Gender imbalance in college enrollment and DEI's conflicted goals: insights gained from normal distributions
Tulane University leads a national trend in higher female enrollment: roughly two-thirds of the school’s incoming freshman class are women (here is an news article about it). As a professor, I found the reality in a classroom even more stark than what the number suggests, maybe because boys skip classes more often. For those who attend my class, I need to find a way to engage them.
I teach an introductory statistic course. My students just learned normal distributions. It would be interesting to use normal distributions to shed light on this issue. To make the modeling accessible to the level of the students, some simplifying assumptions are needed.
SAT scores are known to be approximately normally distributed. So, we assume that both female and male applicants’ scores follow a normal distribution but with different means and variances. Let $\mu_1, \sigma_1^2$ be the mean and variance of female applicants’ score distribution and let $\mu_2, \sigma_2^2$ be the male’s. To simplify the admission process, let’s just use a cut-off based on the SAT score. That is, a same cut-off is used for both female and male applicants. This is no doubt an important equity requirement. Even the university spokesman said that they did not lower admission standard for males. Since we do not know the numbers of applicants, we focus on the acceptance rate. Can the admission office pick a cut-off so that two genders have the same acceptance rate?
Students just learned standardization. It is intuitive for them to come up with an equation
\[\begin{eqnarray} \frac{x-\mu_1}{\sigma_1} &= & \frac{x-\mu_2}{\sigma_2}, \label{eq:eqofx} \end{eqnarray}\]although not all of them explicitly mentioned the monotonicity of CDF. Here $x$ is the cut-off score.

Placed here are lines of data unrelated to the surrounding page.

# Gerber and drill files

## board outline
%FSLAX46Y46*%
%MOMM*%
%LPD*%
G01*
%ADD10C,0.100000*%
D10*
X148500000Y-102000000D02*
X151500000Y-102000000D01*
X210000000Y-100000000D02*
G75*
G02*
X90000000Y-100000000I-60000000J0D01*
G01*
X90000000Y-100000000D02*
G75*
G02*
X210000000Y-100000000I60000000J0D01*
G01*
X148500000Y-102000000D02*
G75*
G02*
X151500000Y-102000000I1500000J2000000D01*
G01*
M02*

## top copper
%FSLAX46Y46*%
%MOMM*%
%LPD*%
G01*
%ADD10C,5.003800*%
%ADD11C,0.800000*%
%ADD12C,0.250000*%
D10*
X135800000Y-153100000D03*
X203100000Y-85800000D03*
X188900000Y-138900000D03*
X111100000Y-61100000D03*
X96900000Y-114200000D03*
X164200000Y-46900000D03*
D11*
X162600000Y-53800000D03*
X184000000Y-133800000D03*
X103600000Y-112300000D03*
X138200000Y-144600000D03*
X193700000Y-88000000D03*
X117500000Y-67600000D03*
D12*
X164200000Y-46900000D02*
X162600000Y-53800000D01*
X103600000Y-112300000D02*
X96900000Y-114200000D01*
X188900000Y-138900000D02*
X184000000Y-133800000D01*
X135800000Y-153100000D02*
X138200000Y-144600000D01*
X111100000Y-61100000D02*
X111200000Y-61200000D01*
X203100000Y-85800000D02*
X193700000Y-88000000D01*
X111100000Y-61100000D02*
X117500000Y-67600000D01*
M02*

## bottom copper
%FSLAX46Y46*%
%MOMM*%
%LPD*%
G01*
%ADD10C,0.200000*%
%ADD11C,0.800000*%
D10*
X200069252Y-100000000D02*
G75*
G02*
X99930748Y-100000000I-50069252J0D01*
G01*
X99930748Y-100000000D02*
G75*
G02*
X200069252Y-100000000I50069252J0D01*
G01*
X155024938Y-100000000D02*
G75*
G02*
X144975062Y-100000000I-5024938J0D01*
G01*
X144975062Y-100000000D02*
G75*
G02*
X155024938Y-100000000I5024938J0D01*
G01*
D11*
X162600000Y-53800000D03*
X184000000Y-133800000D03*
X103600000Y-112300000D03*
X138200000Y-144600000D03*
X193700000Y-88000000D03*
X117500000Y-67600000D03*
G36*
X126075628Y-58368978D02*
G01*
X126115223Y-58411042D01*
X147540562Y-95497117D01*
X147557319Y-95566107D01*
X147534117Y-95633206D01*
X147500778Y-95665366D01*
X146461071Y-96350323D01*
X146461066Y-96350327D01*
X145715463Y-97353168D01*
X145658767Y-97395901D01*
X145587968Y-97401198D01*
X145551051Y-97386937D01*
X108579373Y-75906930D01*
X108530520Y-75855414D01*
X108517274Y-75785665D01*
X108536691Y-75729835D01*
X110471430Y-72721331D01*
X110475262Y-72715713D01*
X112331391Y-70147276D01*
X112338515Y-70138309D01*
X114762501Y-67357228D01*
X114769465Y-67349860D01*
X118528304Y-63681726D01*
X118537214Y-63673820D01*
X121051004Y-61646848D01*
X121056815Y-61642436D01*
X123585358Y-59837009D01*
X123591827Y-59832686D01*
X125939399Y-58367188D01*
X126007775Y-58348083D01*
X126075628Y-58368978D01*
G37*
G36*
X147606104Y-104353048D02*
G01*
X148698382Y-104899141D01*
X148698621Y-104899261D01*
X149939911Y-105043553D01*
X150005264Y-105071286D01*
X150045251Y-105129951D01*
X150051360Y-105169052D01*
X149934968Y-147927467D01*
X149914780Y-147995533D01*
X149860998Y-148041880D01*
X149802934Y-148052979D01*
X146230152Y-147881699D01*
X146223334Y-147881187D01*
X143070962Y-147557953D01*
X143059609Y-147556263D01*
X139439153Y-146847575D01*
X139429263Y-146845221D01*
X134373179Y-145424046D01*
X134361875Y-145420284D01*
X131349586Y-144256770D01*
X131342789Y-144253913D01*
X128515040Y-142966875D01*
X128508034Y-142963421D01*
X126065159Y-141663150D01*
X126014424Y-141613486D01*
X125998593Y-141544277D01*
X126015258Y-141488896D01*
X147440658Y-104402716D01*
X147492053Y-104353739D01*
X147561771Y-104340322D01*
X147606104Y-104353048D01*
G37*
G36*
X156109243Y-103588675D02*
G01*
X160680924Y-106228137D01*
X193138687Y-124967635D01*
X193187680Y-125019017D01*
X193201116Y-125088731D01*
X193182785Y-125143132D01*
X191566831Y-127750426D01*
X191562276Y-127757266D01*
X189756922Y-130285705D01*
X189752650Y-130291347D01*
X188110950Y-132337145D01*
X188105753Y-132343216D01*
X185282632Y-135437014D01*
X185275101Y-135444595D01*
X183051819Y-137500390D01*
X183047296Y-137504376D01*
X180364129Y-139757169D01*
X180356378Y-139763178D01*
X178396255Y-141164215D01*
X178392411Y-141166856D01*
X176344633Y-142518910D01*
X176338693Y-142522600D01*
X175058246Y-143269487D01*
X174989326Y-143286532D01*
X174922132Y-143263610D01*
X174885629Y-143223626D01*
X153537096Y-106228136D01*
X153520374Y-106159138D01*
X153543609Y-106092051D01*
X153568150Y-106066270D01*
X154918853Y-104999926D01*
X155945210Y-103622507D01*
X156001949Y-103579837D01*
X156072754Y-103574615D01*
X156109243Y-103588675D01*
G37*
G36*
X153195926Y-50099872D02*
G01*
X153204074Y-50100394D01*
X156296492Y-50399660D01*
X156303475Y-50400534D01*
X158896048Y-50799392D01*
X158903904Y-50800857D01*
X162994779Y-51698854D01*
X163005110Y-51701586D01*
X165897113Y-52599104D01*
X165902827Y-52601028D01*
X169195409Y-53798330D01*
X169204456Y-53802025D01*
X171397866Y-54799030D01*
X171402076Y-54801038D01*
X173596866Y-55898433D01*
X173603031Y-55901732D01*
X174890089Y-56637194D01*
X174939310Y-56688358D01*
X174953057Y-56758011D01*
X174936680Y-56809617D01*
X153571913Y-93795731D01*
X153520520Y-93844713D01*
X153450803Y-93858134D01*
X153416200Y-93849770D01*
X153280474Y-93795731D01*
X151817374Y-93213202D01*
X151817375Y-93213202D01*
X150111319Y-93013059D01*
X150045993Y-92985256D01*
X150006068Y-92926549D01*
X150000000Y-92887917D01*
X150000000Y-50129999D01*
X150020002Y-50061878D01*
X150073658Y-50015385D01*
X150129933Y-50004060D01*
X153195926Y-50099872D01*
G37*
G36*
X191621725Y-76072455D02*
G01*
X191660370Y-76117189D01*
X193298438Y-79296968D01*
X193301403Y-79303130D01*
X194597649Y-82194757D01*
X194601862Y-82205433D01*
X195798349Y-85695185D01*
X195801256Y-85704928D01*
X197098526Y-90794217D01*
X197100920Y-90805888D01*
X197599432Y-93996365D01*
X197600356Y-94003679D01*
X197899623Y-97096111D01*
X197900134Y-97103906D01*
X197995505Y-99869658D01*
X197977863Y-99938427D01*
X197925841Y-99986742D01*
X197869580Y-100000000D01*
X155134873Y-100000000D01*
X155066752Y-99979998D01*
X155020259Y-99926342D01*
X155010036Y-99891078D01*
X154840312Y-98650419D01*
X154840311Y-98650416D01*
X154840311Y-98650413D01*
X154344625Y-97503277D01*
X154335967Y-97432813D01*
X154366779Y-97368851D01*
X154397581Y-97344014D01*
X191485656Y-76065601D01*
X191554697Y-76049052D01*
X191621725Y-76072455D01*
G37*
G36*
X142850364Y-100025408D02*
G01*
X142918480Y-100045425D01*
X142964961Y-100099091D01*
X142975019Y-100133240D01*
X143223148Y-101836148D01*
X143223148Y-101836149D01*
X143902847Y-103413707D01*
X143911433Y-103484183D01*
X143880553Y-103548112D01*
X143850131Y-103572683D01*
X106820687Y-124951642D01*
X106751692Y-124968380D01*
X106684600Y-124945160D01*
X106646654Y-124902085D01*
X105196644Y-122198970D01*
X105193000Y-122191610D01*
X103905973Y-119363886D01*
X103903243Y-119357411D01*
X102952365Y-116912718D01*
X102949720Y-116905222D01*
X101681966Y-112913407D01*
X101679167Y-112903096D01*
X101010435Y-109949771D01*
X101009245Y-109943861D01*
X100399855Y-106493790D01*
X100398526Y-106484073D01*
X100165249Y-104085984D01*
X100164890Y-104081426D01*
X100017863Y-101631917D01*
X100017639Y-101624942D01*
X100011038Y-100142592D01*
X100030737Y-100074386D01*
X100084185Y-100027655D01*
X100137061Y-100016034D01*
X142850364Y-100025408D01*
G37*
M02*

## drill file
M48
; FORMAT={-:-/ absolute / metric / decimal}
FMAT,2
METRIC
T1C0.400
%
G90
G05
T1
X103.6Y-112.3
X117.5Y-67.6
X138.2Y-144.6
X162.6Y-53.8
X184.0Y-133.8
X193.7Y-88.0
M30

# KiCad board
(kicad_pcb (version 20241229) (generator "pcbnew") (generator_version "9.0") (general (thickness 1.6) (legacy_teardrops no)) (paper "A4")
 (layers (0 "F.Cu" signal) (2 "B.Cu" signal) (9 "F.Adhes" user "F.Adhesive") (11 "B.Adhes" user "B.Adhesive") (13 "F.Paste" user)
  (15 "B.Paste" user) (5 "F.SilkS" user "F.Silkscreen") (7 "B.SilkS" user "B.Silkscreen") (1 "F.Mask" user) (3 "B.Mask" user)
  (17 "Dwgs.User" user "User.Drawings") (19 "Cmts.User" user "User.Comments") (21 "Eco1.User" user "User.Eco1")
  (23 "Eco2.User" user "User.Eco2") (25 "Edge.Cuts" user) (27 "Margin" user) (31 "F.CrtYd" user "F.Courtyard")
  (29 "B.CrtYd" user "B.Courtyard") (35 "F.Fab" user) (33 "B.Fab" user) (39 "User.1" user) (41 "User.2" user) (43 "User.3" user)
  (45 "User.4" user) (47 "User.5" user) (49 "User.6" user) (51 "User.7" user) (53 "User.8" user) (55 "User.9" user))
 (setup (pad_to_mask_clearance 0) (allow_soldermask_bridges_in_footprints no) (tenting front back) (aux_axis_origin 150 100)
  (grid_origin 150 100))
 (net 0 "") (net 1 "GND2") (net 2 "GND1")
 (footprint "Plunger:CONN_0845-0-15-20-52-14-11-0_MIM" (layer "F.Cu") (at 135.8 153.1 165)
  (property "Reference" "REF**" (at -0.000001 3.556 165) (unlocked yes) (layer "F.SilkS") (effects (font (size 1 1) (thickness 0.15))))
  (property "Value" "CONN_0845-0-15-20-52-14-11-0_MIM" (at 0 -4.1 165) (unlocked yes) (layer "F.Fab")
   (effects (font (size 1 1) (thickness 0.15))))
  (pad "1" smd circle (at 0 0 165) (size 5.0038 5.0038) (layers "F.Cu" "F.Mask" "F.Paste") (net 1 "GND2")))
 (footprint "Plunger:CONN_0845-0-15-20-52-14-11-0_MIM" (layer "F.Cu") (at 203.1 85.8 -75)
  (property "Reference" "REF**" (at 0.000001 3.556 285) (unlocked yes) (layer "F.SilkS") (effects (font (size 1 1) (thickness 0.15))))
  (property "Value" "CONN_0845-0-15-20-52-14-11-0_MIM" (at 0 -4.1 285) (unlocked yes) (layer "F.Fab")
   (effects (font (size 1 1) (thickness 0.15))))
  (pad "1" smd circle (at 0 0 285) (size 5.0038 5.0038) (layers "F.Cu" "F.Mask" "F.Paste") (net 1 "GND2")))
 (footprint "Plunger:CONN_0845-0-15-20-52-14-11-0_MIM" (layer "F.Cu") (at 188.9 138.9 -135)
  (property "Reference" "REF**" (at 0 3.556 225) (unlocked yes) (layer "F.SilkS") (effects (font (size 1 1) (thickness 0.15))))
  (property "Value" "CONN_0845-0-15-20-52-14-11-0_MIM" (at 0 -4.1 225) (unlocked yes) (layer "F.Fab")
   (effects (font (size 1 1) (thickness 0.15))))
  (pad "1" smd circle (at 0 0 225) (size 5.0038 5.0038) (layers "F.Cu" "F.Mask" "F.Paste") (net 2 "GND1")))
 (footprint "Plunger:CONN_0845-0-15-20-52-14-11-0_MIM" (layer "F.Cu") (at 111.1 61.1 45)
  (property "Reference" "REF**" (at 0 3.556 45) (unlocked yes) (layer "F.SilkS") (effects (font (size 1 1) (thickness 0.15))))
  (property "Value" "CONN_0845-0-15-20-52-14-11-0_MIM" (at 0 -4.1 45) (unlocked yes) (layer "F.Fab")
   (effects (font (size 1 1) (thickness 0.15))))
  (pad "1" smd circle (at 0 0 45) (size 5.0038 5.0038) (layers "F.Cu" "F.Mask" "F.Paste") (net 1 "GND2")))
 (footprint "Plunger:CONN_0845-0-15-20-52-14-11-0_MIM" (layer "F.Cu") (at 96.9 114.2 105)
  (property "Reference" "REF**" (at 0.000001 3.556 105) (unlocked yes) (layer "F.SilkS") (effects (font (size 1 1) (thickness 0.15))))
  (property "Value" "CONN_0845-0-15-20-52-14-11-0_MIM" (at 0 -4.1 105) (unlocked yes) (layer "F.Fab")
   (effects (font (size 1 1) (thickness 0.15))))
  (pad "1" smd circle (at 0 0 105) (size 5.0038 5.0038) (layers "F.Cu" "F.Mask" "F.Paste") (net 2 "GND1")))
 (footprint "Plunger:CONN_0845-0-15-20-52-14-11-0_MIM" (layer "F.Cu") (at 164.2 46.9 -16.9)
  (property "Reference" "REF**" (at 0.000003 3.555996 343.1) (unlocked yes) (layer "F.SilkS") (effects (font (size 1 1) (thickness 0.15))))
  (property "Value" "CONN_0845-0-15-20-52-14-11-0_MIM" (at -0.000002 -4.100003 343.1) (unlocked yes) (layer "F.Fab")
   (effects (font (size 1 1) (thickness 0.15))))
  (pad "1" smd circle (at 0 0 343.099) (size 5.0038 5.0038) (layers "F.Cu" "F.Mask" "F.Paste") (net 2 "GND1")))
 (gr_circle (center 150 100) (end 196.2 119.3) (stroke (width 0.2) (type solid)) (fill no) (layer "B.Cu") (net 2))
 (gr_circle (center 150 100) (end 153.4 103.7) (stroke (width 0.2) (type solid)) (fill no) (layer "B.Cu") (net 1))
 (gr_line (start 148.5 102) (end 151.5 102) (stroke (width 0.1) (type default)) (layer "Edge.Cuts"))
 (gr_circle (center 150 100) (end 210 100) (stroke (width 0.1) (type solid)) (fill no) (locked yes) (layer "Edge.Cuts"))
 (gr_arc (start 148.5 102) (mid 150 97.5) (end 151.5 102) (stroke (width 0.1) (type default)) (layer "Edge.Cuts"))
 (segment (start 164.2 46.9) (end 162.6 53.8) (width 0.25) (layer "F.Cu") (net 2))
 (segment (start 103.6 112.3) (end 96.9 114.2) (width 0.25) (layer "F.Cu") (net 2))
 (segment (start 188.9 138.9) (end 184 133.8) (width 0.25) (layer "F.Cu") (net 2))
 (via (at 162.6 53.8) (size 0.8) (drill 0.4) (layers "F.Cu" "B.Cu") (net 2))
 (via (at 184 133.8) (size 0.8) (drill 0.4) (layers "F.Cu" "B.Cu") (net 2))
 (via (at 103.6 112.3) (size 0.8) (drill 0.4) (layers "F.Cu" "B.Cu") (free yes) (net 2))
 (segment (start 135.8 153.1) (end 138.2 144.6) (width 0.25) (layer "F.Cu") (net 1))
 (segment (start 111.1 61.1) (end 111.2 61.2) (width 0.25) (layer "F.Cu") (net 1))
 (segment (start 203.1 85.8) (end 193.7 88) (width 0.25) (layer "F.Cu") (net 1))
 (segment (start 111.1 61.1) (end 117.5 67.6) (width 0.25) (layer "F.Cu") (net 1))
 (via (at 138.2 144.6) (size 0.8) (drill 0.4) (layers "F.Cu" "B.Cu") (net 1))
 (via (at 193.7 88) (size 0.8) (drill 0.4) (layers "F.Cu" "B.Cu") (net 1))
 (via (at 117.5 67.6) (size 0.8) (drill 0.4) (layers "F.Cu" "B.Cu") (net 1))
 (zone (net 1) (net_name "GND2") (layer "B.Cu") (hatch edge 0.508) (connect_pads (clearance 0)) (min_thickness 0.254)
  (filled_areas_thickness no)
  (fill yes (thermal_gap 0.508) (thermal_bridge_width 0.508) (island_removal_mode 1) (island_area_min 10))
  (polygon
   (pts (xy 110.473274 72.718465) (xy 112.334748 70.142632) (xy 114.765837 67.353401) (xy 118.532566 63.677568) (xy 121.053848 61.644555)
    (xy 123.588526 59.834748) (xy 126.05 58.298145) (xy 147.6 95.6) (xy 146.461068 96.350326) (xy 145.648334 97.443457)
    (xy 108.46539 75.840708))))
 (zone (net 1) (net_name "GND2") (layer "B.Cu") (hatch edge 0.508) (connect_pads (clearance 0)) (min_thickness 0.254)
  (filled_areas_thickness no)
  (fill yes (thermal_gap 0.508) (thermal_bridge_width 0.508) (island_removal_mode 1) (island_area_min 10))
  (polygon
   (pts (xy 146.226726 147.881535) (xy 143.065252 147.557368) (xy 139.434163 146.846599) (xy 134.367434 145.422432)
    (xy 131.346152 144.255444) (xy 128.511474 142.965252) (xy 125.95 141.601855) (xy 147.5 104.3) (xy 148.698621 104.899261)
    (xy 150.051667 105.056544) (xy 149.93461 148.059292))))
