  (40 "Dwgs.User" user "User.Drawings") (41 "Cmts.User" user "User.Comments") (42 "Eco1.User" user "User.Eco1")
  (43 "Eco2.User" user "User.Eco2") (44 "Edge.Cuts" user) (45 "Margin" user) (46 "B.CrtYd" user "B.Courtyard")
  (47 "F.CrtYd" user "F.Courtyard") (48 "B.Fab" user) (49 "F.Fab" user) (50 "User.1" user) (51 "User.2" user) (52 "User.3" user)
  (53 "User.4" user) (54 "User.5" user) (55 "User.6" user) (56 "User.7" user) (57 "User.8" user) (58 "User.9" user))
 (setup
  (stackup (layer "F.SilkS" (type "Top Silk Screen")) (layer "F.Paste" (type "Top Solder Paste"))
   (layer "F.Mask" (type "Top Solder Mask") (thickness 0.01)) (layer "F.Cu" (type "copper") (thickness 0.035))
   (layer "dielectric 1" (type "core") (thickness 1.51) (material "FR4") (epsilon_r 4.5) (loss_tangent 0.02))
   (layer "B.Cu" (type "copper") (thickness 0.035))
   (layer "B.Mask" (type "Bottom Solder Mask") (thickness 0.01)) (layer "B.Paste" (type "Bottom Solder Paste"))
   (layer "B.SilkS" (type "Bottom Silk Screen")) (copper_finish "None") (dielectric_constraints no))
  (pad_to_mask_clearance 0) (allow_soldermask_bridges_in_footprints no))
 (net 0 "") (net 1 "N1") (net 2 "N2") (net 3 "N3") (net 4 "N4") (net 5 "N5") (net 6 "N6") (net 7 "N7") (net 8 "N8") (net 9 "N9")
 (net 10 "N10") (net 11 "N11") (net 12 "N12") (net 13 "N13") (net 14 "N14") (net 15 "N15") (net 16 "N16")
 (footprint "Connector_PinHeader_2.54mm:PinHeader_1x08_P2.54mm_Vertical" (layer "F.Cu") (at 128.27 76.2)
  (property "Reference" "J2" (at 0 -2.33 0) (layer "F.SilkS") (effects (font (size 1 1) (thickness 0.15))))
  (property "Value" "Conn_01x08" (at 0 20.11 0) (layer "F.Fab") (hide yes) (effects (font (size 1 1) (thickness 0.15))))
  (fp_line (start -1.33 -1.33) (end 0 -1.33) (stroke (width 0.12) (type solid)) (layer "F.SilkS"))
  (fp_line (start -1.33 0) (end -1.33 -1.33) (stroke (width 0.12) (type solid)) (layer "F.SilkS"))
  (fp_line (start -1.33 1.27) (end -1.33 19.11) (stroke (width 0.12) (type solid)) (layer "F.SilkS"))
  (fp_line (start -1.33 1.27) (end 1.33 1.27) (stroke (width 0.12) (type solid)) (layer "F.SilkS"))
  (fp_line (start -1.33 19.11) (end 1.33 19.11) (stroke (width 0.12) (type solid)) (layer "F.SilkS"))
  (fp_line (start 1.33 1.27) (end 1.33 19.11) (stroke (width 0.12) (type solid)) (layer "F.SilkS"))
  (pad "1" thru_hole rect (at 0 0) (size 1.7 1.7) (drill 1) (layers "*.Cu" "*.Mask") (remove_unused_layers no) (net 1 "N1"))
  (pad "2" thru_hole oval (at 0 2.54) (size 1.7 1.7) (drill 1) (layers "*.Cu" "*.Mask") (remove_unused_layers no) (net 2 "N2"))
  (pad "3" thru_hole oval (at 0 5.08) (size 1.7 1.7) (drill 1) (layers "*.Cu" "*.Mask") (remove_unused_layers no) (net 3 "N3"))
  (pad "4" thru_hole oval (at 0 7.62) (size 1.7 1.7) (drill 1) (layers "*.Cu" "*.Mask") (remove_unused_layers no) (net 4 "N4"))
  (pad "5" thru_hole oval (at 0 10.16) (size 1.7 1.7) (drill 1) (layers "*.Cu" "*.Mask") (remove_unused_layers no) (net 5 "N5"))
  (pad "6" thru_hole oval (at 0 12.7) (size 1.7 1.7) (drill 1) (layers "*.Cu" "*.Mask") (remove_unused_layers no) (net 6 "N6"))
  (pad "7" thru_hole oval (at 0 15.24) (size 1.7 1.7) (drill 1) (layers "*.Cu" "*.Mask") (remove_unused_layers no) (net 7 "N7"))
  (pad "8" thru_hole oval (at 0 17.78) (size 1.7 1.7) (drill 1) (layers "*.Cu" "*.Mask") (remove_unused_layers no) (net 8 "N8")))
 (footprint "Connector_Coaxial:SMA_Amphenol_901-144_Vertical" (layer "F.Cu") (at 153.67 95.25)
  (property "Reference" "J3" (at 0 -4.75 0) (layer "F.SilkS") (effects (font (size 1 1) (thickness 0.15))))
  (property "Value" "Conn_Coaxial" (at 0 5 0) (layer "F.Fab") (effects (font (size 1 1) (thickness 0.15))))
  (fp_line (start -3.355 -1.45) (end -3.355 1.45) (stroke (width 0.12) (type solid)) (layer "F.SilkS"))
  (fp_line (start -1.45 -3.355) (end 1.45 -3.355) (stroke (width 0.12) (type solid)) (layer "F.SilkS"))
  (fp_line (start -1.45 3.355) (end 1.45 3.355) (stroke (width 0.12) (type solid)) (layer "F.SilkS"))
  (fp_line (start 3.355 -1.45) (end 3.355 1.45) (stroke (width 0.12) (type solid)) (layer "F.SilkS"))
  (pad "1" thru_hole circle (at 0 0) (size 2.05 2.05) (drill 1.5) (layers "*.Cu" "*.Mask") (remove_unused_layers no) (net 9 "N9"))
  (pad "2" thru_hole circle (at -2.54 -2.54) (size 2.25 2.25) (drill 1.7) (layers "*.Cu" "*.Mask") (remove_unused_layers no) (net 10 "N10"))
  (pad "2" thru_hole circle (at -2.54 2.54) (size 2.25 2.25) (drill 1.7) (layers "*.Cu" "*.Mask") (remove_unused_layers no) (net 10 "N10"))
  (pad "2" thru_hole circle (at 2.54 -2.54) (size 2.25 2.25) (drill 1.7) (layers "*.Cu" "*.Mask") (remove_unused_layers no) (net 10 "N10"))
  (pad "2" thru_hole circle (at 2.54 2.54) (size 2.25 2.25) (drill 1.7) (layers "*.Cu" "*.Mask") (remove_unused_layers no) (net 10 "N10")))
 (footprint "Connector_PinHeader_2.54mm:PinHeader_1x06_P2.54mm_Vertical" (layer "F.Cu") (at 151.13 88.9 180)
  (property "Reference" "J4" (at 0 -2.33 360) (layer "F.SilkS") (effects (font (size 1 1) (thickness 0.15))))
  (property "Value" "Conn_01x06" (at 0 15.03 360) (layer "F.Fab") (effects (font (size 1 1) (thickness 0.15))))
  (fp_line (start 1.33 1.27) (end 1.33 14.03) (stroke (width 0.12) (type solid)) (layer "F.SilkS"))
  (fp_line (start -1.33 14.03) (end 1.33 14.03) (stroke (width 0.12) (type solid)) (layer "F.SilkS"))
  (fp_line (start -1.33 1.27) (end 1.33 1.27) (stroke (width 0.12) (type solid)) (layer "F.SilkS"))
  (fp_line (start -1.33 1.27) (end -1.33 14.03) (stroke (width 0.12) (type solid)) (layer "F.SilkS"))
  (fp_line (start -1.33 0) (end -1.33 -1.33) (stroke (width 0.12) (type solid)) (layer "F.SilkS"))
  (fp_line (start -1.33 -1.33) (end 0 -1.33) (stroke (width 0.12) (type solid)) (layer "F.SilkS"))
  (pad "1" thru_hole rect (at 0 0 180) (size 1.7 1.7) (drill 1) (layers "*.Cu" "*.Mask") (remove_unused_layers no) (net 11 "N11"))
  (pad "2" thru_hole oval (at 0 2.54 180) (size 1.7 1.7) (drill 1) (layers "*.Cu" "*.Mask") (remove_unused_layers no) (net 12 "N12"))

Then I give students some made up values of the means and variances (e.g. $\mu_1=1000,\mu_2=900,\sigma_1=200,\sigma_2=300$) and ask them to find the acceptance rate. Just plug these values into \eqref{eq:eqofx} then solve for the cut-off $x$, for which the acceptance rate turns out to be below 50%. Furthermore, it can be shown that as long as $\mu_1>\mu_2$ and $\sigma_1<\sigma_2$ (we will stick with this assumption. no offence intended to either gender), the acceptance rate must be below 50%. In this sense, inclusion and equity cannot be achieved at the same time.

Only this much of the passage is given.